The multi-scale hypergraph brings continuous improvements from \(S=1\) to \(S=5\) (68.37 \(\rightarrow\) 71.20 AR), yet slightly drops at \(S=6\)—consistent with findings in social psychology.
\(L=2\) layers of hypergraph convolution achieve the best balance, whereas excessive layers lead to noise propagation.
The model also achieves SOTA on standard HOI-DET datasets, demonstrating the superior generalization ability of the hypergraph structure.

Highlights & Insights¶

Novelty of Problem Definition: The first to study multiple nonverbal signals under a unified framework, proposing the triplet formulation of \(\langle \text{individual}, \text{group}, \text{interaction} \rangle\), which is more expressive than the binary formulation of HOI.
Natural Match of Hypergraphs: Nonverbal interactions naturally involve an arbitrary number of participants. Hyperedges in hypergraphs can connect any number of vertices, making them more suitable than ordinary graphs.
Value of Dataset: NVI is the first comprehensive nonverbal interaction dataset covering 22 atomic behaviors across 5 major categories.
Dual-Task Validation: NVI-DEHR achieves SOTA on two different but related tasks, demonstrating the generalizability of the design.
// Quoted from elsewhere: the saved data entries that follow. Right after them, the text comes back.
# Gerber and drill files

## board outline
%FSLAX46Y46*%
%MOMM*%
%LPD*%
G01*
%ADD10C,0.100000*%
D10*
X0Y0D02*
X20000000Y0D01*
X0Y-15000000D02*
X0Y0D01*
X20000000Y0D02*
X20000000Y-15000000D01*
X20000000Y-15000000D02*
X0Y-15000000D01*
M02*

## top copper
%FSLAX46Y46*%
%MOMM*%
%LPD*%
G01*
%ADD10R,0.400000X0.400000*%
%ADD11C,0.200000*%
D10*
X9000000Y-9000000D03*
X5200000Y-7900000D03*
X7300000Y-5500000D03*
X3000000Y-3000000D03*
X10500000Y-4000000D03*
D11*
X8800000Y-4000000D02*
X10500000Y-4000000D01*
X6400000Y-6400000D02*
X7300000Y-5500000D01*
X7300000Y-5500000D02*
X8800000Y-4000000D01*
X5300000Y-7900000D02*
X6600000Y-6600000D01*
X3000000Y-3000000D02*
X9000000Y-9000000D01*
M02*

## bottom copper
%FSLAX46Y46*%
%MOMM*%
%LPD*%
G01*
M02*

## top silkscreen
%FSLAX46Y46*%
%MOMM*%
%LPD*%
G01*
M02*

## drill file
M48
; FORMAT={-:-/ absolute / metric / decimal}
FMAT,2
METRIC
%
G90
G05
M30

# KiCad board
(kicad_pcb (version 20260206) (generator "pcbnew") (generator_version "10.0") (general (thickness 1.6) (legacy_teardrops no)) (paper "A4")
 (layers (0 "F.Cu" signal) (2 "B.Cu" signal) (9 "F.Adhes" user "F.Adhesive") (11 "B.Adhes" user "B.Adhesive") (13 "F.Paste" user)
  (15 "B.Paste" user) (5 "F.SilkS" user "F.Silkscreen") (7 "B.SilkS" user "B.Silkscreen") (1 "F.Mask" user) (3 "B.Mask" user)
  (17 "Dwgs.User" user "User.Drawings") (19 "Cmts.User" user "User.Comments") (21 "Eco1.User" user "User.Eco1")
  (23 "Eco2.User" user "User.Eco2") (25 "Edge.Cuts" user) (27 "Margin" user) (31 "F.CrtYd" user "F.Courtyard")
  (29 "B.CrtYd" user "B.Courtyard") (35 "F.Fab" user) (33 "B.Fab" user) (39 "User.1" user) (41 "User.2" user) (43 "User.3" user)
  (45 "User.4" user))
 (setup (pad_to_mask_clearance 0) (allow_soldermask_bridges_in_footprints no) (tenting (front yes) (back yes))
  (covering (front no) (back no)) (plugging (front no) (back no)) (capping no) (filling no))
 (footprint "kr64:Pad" (layer "F.Cu") (at 9 9)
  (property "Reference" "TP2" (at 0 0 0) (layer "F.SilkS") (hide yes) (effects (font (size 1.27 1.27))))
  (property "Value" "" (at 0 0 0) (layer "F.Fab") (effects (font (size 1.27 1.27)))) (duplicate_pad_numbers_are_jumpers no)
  (pad "1" smd rect (at 0 0) (size 0.4 0.4) (layers "F.Cu" "F.Mask" "F.Paste") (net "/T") (thermal_bridge_angle 45)))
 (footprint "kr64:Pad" (layer "F.Cu") (at 5.2 7.9)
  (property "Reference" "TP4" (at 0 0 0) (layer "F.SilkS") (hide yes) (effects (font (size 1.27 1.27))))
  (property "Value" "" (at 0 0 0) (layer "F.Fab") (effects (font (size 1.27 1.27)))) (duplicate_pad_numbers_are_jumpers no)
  (pad "1" smd rect (at 0 0) (size 0.4 0.4) (layers "F.Cu" "F.Mask" "F.Paste") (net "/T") (thermal_bridge_angle 45)))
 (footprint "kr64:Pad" (layer "F.Cu") (at 7.3 5.5)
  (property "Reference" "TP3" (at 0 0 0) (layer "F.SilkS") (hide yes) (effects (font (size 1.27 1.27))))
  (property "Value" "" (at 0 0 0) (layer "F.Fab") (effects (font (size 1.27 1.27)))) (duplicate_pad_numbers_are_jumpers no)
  (pad "1" smd rect (at 0 0) (size 0.4 0.4) (layers "F.Cu" "F.Mask" "F.Paste") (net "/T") (thermal_bridge_angle 45)))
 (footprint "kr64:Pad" (layer "F.Cu") (at 3 3)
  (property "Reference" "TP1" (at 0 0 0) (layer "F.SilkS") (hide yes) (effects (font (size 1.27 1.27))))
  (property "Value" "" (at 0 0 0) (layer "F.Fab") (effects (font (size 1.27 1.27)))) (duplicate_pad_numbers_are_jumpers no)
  (pad "1" smd rect (at 0 0) (size 0.4 0.4) (layers "F.Cu" "F.Mask" "F.Paste") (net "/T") (thermal_bridge_angle 45)))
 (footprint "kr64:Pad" (layer "F.Cu") (at 10.5 4)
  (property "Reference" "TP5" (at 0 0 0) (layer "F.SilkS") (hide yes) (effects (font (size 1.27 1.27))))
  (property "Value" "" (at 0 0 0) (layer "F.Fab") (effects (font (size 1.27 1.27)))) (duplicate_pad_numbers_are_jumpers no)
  (pad "1" smd rect (at 0 0) (size 0.4 0.4) (layers "F.Cu" "F.Mask" "F.Paste") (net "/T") (thermal_bridge_angle 45)))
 (gr_line (start 0 0) (end 20 0) (stroke (width 0.1) (type default)) (layer "Edge.Cuts"))
 (gr_line (start 0 15) (end 0 0) (stroke (width 0.1) (type default)) (layer "Edge.Cuts"))
 (gr_line (start 20 0) (end 20 15) (stroke (width 0.1) (type default)) (layer "Edge.Cuts"))
 (gr_line (start 20 15) (end 0 15) (stroke (width 0.1) (type default)) (layer "Edge.Cuts"))
 (segment (start 8.8 4) (end 10.5 4) (width 0.2) (layer "F.Cu") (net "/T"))
 (segment (start 6.4 6.4) (end 7.3 5.5) (width 0.2) (layer "F.Cu") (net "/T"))
 (segment (start 7.3 5.5) (end 8.8 4) (width 0.2) (layer "F.Cu") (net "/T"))
 (segment (start 5.3 7.9) (end 6.6 6.6) (width 0.2) (layer "F.Cu") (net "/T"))
 (segment (start 3 3) (end 9 9) (width 0.2) (layer "F.Cu") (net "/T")))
Limitations & Future Work¶

The ambiguity and subtlety of nonverbal signals remain major challenges (e.g., distinguishing mutual gaze vs. gaze aversion).
Individuals with severe occlusions are difficult to detect.
Long-tail distribution issue: rare behaviors such as beckon have extremely small sample sizes.
Temporal information in videos is not considered, leaving the understanding of dynamic nonverbal interactions to be explored.
The dataset is extended based on PIC 2.0, which may limit scene diversity.

Key difference from HOI-DET: Nonverbal signals are more subtle, ambiguous, and involve multiple people, rather than just pairwise interactions.
Hypergraph learning has been applied in human parsing and HOI detection; this work is the first to apply it to nonverbal interaction.
Future direction: It can be combined with large language models to enable natural language description and reasoning of nonverbal signals.

Rating¶

Novelty: ⭐⭐⭐⭐⭐ — First systematic study of nonverbal interaction, with three major contributions: dataset, task, and model.
Experimental Thoroughness: ⭐⭐⭐⭐ — Dual-task validation on NVI-DET and HOI-DET with thorough ablation studies, though comparisons with more visual relation detection methods are missing.
Writing Quality: ⭐⭐⭐⭐ — Clear structure, well-explained motivation, with social psychology background adding persuasiveness.
Value: ⭐⭐⭐⭐ — Holds significant potential to advance fields such as social robotics, human-computer interaction, and affective computing.